• [PROBLEM] Using the data beneath this instruction, retype only the lines from the one that contains "X6.9972Y-4.6457" down to the one that contains "(setup (last_trace_width 0.6096)", both included, exactly as they appear.

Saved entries
****************

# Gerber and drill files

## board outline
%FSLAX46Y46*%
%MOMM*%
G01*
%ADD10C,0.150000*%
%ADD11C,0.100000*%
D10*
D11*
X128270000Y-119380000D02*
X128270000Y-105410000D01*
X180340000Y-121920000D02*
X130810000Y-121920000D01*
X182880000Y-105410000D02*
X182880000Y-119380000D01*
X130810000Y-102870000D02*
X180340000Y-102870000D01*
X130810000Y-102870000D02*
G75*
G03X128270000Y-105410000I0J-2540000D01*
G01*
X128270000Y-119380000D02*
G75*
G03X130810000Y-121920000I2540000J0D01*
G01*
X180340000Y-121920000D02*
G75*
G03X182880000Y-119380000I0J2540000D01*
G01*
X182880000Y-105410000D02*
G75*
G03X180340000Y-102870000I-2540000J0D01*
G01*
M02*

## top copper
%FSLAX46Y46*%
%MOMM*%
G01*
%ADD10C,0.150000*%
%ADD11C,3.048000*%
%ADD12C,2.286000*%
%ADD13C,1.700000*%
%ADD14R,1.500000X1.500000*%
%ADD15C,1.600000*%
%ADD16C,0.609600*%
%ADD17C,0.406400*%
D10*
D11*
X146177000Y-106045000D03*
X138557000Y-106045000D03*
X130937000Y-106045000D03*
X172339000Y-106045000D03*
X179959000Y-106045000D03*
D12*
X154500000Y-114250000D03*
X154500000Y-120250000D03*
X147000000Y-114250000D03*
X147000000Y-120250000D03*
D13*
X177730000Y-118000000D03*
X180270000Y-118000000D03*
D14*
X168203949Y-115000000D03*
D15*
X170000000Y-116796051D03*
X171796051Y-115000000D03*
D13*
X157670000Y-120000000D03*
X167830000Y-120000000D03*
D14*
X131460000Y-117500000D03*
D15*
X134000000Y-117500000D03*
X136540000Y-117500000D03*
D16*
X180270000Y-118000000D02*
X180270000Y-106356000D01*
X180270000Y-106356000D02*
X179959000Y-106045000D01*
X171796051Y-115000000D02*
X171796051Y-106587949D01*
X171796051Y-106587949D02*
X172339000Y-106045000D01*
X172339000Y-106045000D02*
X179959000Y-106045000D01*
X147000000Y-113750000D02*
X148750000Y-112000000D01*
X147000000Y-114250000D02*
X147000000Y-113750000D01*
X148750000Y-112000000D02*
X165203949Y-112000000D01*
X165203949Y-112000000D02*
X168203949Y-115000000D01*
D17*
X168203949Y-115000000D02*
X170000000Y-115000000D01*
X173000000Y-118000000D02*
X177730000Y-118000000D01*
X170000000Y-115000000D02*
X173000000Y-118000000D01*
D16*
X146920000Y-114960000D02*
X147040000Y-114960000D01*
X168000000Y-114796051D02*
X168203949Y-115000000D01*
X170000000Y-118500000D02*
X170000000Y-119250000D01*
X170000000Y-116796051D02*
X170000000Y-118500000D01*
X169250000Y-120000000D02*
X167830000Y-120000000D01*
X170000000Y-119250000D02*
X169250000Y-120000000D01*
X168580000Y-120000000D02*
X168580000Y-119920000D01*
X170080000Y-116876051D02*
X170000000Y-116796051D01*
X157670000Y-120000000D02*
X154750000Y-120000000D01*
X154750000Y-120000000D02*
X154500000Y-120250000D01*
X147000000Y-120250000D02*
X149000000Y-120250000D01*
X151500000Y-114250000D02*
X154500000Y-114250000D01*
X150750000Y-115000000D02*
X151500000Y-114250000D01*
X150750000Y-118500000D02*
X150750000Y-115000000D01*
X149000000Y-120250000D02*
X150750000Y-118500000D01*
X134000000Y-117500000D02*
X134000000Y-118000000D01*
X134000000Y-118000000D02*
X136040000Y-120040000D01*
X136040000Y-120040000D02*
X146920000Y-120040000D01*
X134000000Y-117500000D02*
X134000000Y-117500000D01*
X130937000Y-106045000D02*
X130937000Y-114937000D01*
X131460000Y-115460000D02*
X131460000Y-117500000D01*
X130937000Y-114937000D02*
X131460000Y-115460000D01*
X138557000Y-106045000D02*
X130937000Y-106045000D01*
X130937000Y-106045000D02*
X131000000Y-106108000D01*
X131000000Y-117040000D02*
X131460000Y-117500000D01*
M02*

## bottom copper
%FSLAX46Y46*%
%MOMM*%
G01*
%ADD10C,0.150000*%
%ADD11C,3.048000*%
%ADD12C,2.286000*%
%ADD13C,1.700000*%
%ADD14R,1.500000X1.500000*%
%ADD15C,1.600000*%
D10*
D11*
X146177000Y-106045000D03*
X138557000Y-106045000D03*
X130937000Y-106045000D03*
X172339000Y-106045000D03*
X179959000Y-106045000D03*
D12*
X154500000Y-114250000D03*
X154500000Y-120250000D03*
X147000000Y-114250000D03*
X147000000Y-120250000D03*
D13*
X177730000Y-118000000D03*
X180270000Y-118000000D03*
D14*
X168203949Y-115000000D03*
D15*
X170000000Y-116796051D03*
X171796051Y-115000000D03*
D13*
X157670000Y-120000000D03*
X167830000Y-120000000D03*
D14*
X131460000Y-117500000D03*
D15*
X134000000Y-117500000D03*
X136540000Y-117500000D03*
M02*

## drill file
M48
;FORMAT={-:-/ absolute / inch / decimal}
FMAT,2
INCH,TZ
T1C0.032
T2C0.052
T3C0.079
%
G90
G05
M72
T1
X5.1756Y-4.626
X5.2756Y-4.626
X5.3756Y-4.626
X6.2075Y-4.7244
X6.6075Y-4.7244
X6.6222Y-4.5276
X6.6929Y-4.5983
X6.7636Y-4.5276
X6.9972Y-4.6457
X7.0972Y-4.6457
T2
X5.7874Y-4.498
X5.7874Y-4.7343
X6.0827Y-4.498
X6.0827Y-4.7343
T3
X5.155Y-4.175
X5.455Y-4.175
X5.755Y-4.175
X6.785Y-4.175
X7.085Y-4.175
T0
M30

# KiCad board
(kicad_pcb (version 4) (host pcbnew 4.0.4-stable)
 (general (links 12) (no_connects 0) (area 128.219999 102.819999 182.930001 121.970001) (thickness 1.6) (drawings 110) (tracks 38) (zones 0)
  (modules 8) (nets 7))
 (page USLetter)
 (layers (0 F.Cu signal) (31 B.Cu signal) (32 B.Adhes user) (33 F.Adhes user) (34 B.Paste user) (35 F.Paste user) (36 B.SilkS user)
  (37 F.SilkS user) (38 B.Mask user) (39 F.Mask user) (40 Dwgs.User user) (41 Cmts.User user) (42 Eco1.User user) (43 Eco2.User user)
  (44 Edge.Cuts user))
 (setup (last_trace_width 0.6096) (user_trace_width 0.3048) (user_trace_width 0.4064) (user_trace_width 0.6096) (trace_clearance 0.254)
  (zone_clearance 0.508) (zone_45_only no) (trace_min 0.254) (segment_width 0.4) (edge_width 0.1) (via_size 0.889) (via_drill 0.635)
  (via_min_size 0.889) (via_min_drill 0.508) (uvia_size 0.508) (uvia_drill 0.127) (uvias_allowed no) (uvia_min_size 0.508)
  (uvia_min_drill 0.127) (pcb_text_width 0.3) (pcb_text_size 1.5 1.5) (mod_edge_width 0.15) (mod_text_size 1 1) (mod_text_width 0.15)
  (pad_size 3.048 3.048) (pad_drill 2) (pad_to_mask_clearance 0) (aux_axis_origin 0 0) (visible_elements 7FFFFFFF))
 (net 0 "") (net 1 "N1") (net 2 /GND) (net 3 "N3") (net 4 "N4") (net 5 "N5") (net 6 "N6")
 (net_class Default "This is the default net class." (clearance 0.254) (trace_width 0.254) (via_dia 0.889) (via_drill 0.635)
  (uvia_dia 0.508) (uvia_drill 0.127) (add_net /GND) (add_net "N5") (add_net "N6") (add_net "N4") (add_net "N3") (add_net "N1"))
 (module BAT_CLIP (layer F.Cu) (at 155.575 106.045)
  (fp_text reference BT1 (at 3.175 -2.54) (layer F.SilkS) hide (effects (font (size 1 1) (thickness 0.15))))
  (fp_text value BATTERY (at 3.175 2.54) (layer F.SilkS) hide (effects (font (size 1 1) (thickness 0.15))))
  (pad 1 thru_hole circle (at -9.398 0) (size 3.048 3.048) (drill 2) (layers *.Cu *.Mask) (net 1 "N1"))
  (pad 1 thru_hole circle (at -17.018 0) (size 3.048 3.048) (drill 2) (layers *.Cu *.Mask) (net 1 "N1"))
  (pad 1 thru_hole circle (at -24.638 0) (size 3.048 3.048) (drill 2) (layers *.Cu *.Mask) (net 1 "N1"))
  (pad 2 thru_hole circle (at 16.764 0) (size 3.048 3.048) (drill 2) (layers *.Cu *.Mask) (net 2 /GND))
  (pad 2 thru_hole circle (at 24.384 0) (size 3.048 3.048) (drill 2) (layers *.Cu *.Mask) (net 2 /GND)))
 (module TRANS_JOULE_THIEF (layer F.Cu) (at 152 117.25 270)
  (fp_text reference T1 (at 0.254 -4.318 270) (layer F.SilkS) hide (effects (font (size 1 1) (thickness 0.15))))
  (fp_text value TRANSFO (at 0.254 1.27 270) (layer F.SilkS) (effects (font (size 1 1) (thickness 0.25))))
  (pad 1 thru_hole circle (at -3 -2.5 270) (size 2.286 2.286) (drill 1.3208) (layers *.Cu B.Mask) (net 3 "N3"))
  (pad 2 thru_hole circle (at 3 -2.5 270) (size 2.286 2.286) (drill 1.3208) (layers *.Cu B.Mask) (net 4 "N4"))
  (pad 3 thru_hole circle (at -3 5 270) (size 2.286 2.286) (drill 1.3208) (layers *.Cu B.Mask) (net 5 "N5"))
  (pad 4 thru_hole circle (at 3 5 270) (size 2.286 2.286) (drill 1.3208) (layers *.Cu B.Mask) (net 3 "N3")))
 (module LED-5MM (layer F.Cu) (at 179 118)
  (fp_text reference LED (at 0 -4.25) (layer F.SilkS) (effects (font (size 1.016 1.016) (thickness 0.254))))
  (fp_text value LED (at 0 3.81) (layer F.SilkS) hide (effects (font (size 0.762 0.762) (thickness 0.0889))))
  (pad 1 thru_hole circle (at -1.27 0) (size 1.7 1.7) (drill 0.8128) (layers *.Cu B.Mask) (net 5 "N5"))
  (pad 2 thru_hole circle (at 1.27 0) (size 1.7 1.7) (drill 0.8128) (layers *.Cu B.Mask) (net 2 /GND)))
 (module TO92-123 (layer F.Cu) (at 170 115 135)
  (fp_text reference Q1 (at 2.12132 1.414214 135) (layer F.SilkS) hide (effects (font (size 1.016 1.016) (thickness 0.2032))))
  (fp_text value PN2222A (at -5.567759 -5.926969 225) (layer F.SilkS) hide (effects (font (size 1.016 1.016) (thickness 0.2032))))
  (pad 3 thru_hole rect (at 1.27 -1.27 180) (size 1.5 1.5) (drill 0.8128) (layers *.Cu B.Mask) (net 5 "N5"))
  (pad 2 thru_hole circle (at -1.27 -1.27 135) (size 1.6 1.6) (drill 0.8128) (layers *.Cu B.Mask) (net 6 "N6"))
  (pad 1 thru_hole circle (at -1.27 1.27 135) (size 1.6 1.6) (drill 0.8128) (layers *.Cu B.Mask) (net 2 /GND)))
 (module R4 (layer F.Cu) (at 162.75 120) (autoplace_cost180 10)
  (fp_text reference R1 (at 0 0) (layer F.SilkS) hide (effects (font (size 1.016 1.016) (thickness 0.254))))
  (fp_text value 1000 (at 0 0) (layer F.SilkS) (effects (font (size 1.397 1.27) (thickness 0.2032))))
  (pad 1 thru_hole circle (at -5.08 0) (size 1.7 1.7) (drill 0.8128) (layers *.Cu B.Mask) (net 4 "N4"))
  (pad 2 thru_hole circle (at 5.08 0) (size 1.7 1.7) (drill 0.8128) (layers *.Cu B.Mask) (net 6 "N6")))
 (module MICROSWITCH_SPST (layer F.Cu) (at 134 117.5)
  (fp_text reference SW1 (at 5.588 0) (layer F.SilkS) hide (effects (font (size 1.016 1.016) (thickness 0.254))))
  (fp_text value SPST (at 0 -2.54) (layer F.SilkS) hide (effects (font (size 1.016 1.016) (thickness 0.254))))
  (pad 1 thru_hole rect (at -2.54 0) (size 1.5 1.5) (drill 0.8128) (layers *.Cu B.Mask) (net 1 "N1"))
  (pad 2 thru_hole circle (at 0 0) (size 1.6 1.6) (drill 0.8128) (layers *.Cu B.Mask) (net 3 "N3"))
  (pad 3 thru_hole circle (at 2.54 0) (size 1.6 1.6) (drill 0.8128) (layers *.Cu B.Mask)))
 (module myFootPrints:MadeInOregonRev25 (layer F.Cu) (at 134 111.5)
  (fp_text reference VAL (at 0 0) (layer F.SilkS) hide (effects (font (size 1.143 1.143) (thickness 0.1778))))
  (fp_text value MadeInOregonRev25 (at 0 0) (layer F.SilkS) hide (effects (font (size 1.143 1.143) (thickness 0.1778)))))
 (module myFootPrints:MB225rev (layer F.Cu) (at 141 111.5)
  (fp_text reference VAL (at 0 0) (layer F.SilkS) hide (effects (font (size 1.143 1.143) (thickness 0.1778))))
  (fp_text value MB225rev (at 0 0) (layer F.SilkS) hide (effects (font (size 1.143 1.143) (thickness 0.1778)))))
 (gr_line (start 128.27 119.38) (end 128.27 105.41) (angle 90) (layer Edge.Cuts) (width 0.1))
 (gr_line (start 180.34 121.92) (end 130.81 121.92) (angle 90) (layer Edge.Cuts) (width 0.1))
 (gr_line (start 182.88 105.41) (end 182.88 119.38) (angle 90) (layer Edge.Cuts) (width 0.1))
 (gr_line (start 130.81 102.87) (end 180.34 102.87) (angle 90) (layer Edge.Cuts) (width 0.1))
 (gr_arc (start 130.81 105.41) (end 128.27 105.41) (angle 90) (layer Edge.Cuts) (width 0.1))
 (gr_arc (start 130.81 119.38) (end 130.81 121.92) (angle 90) (layer Edge.Cuts) (width 0.1))
 (gr_arc (start 180.34 119.38) (end 182.88 119.38) (angle 90) (layer Edge.Cuts) (width 0.1))
 (gr_arc (start 180.34 105.41) (end 180.34 102.87) (angle 90) (layer Edge.Cuts) (width 0.1))
 (segment (start 180.27 118) (end 180.27 106.356) (width 0.6096) (layer F.Cu) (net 2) (status 10))
 (segment (start 180.27 106.356) (end 179.959 106.045) (width 0.6096) (layer F.Cu) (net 2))
 (segment (start 171.796051 115) (end 171.796051 106.587949) (width 0.6096) (layer F.Cu) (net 2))
 (segment (start 171.796051 106.587949) (end 172.339 106.045) (width 0.6096) (layer F.Cu) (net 2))
 (segment (start 172.339 106.045) (end 179.959 106.045) (width 0.6096) (layer F.Cu) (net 2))
 (segment (start 147 113.75) (end 148.75 112) (width 0.6096) (layer F.Cu) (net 5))
 (segment (start 147 114.25) (end 147 113.75) (width 0.6096) (layer F.Cu) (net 5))
 (segment (start 148.75 112) (end 165.203949 112) (width 0.6096) (layer F.Cu) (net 5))
 (segment (start 165.203949 112) (end 168.203949 115) (width 0.6096) (layer F.Cu) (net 5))
 (segment (start 168.203949 115) (end 170 115) (width 0.4064) (layer F.Cu) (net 5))
 (segment (start 173 118) (end 177.73 118) (width 0.4064) (layer F.Cu) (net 5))
 (segment (start 170 115) (end 173 118) (width 0.4064) (layer F.Cu) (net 5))
 (segment (start 146.92 114.96) (end 147.04 114.96) (width 0.6096) (layer F.Cu) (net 5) (status 30))
 (segment (start 168 114.796051) (end 168.203949 115) (width 0.6096) (layer F.Cu) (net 5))
 (segment (start 170 118.5) (end 170 119.25) (width 0.6096) (layer F.Cu) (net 6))
 (segment (start 170 116.796051) (end 170 118.5) (width 0.6096) (layer F.Cu) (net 6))
 (segment (start 169.25 120) (end 167.83 120) (width 0.6096) (layer F.Cu) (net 6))
 (segment (start 170 119.25) (end 169.25 120) (width 0.6096) (layer F.Cu) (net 6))
 (segment (start 168.58 120) (end 168.58 119.92) (width 0.6096) (layer F.Cu) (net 6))
 (segment (start 170.08 116.876051) (end 170 116.796051) (width 0.6096) (layer F.Cu) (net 6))
 (segment (start 157.67 120) (end 154.75 120) (width 0.6096) (layer F.Cu) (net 4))
 (segment (start 154.75 120) (end 154.5 120.25) (width 0.6096) (layer F.Cu) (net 4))
 (segment (start 147 120.25) (end 149 120.25) (width 0.6096) (layer F.Cu) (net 3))
 (segment (start 151.5 114.25) (end 154.5 114.25) (width 0.6096) (layer F.Cu) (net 3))
 (segment (start 150.75 115) (end 151.5 114.25) (width 0.6096) (layer F.Cu) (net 3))
 (segment (start 150.75 118.5) (end 150.75 115) (width 0.6096) (layer F.Cu) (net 3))
 (segment (start 149 120.25) (end 150.75 118.5) (width 0.6096) (layer F.Cu) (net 3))
 (segment (start 134 117.5) (end 134 118) (width 0.6096) (layer F.Cu) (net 3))
 (segment (start 134 118) (end 136.04 120.04) (width 0.6096) (layer F.Cu) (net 3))
 (segment (start 136.04 120.04) (end 146.92 120.04) (width 0.6096) (layer F.Cu) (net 3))
 (segment (start 134 117.5) (end 134 117.5) (width 0.6096) (layer F.Cu) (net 3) (status 10))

****************

• [RESPONSE TO THIS EXERCISE]
X6.9972Y-4.6457
X7.0972Y-4.6457
T2
X5.7874Y-4.498
X5.7874Y-4.7343
X6.0827Y-4.498
X6.0827Y-4.7343
T3
X5.155Y-4.175
X5.455Y-4.175
X5.755Y-4.175
X6.785Y-4.175
X7.085Y-4.175
T0
M30

# KiCad board
(kicad_pcb (version 4) (host pcbnew 4.0.4-stable)
 (general (links 12) (no_connects 0) (area 128.219999 102.819999 182.930001 121.970001) (thickness 1.6) (drawings 110) (tracks 38) (zones 0)
  (modules 8) (nets 7))
 (page USLetter)
 (layers (0 F.Cu signal) (31 B.Cu signal) (32 B.Adhes user) (33 F.Adhes user) (34 B.Paste user) (35 F.Paste user) (36 B.SilkS user)
  (37 F.SilkS user) (38 B.Mask user) (39 F.Mask user) (40 Dwgs.User user) (41 Cmts.User user) (42 Eco1.User user) (43 Eco2.User user)
  (44 Edge.Cuts user))
 (setup (last_trace_width 0.6096) (user_trace_width 0.3048) (user_trace_width 0.4064) (user_trace_width 0.6096) (trace_clearance 0.254)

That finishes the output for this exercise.